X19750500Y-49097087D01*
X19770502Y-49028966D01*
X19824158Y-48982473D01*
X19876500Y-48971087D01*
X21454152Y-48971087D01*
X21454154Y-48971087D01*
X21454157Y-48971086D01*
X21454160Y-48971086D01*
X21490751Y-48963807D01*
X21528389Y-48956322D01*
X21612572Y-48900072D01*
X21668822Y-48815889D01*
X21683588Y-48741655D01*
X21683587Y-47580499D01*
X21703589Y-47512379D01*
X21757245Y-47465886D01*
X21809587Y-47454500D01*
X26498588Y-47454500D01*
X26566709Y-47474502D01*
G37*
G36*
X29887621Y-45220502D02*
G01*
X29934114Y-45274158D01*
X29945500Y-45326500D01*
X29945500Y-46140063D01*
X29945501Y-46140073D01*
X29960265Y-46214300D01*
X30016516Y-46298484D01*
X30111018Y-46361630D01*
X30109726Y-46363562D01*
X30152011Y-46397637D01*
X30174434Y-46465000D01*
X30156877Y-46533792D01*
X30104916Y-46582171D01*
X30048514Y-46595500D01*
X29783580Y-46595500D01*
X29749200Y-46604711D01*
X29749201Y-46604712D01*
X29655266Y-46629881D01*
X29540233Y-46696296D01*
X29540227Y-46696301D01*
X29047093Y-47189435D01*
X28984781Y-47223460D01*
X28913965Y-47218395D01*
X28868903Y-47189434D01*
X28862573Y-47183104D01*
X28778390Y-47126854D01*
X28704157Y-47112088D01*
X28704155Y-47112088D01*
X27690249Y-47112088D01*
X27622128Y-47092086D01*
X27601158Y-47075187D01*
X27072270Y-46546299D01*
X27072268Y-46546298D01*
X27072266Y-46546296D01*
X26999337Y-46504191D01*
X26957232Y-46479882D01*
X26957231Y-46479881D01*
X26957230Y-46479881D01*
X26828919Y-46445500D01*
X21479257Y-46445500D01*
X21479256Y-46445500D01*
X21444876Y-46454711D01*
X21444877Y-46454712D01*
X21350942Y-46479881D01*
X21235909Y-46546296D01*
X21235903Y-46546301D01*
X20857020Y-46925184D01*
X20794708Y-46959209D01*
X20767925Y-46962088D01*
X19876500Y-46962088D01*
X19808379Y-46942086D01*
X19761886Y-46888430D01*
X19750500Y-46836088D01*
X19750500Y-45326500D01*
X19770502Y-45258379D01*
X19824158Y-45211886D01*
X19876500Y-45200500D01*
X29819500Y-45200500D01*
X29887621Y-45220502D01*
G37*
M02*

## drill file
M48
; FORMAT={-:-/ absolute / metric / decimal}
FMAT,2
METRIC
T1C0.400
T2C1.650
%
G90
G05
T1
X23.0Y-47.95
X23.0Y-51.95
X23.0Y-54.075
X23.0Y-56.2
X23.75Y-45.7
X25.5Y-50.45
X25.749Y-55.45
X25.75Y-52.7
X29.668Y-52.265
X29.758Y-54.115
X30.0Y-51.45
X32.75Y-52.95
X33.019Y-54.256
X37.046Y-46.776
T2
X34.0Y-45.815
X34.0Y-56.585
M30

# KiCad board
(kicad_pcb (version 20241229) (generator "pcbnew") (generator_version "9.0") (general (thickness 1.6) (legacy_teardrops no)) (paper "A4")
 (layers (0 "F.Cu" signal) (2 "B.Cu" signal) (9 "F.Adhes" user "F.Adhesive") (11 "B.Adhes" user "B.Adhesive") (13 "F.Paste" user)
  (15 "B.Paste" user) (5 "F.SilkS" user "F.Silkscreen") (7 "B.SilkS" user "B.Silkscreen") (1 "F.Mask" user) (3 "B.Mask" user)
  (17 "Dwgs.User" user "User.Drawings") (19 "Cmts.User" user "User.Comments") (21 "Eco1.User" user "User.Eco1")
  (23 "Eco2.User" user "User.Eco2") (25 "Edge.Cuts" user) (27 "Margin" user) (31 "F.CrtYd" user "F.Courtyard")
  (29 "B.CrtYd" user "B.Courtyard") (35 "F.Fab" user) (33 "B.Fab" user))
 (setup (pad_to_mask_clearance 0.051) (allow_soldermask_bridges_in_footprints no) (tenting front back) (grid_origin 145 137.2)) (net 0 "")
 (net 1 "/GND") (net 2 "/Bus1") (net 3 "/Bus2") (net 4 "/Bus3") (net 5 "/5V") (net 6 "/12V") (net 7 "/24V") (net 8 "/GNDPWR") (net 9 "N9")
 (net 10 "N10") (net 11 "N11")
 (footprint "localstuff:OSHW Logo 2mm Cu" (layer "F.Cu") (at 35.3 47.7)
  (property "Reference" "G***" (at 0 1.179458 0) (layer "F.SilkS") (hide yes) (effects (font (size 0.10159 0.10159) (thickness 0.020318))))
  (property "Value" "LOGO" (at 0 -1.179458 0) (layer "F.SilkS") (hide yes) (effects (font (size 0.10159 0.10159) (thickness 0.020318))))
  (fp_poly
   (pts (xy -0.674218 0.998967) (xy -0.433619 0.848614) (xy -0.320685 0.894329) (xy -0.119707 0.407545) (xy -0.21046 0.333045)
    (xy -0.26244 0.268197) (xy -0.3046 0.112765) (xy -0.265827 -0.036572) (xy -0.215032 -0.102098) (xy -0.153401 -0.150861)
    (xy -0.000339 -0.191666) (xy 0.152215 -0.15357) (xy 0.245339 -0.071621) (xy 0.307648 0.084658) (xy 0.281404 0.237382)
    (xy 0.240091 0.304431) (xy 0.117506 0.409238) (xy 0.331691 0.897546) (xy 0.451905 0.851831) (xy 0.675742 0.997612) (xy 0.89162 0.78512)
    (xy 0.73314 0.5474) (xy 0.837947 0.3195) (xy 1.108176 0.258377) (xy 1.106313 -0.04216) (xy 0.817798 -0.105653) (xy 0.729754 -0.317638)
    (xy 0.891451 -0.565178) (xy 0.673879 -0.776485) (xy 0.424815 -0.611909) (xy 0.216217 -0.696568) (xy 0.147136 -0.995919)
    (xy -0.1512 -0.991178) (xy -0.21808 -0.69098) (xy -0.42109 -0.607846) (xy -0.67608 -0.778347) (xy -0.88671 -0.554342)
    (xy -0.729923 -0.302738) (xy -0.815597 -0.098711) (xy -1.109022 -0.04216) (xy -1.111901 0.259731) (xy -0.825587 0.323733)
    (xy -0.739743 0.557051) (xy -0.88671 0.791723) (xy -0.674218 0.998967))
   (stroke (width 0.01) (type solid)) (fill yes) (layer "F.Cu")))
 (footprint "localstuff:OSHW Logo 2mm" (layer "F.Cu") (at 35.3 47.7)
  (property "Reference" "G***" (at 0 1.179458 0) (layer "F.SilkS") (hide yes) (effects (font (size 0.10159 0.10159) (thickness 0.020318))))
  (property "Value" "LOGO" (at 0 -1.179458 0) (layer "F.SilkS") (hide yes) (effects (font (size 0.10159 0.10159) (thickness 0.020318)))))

= = = = = = =

The task:
Using the material above, find each line that holds "size" and copy that line.

Result for this task:
  (property "Reference" "G***" (at 0 1.179458 0) (layer "F.SilkS") (hide yes) (effects (font (size 0.10159 0.10159) (thickness 0.020318))))
  (property "Value" "LOGO" (at 0 -1.179458 0) (layer "F.SilkS") (hide yes) (effects (font (size 0.10159 0.10159) (thickness 0.020318))))
  (property "Reference" "G***" (at 0 1.179458 0) (layer "F.SilkS") (hide yes) (effects (font (size 0.10159 0.10159) (thickness 0.020318))))
  (property "Value" "LOGO" (at 0 -1.179458 0) (layer "F.SilkS") (hide yes) (effects (font (size 0.10159 0.10159) (thickness 0.020318)))))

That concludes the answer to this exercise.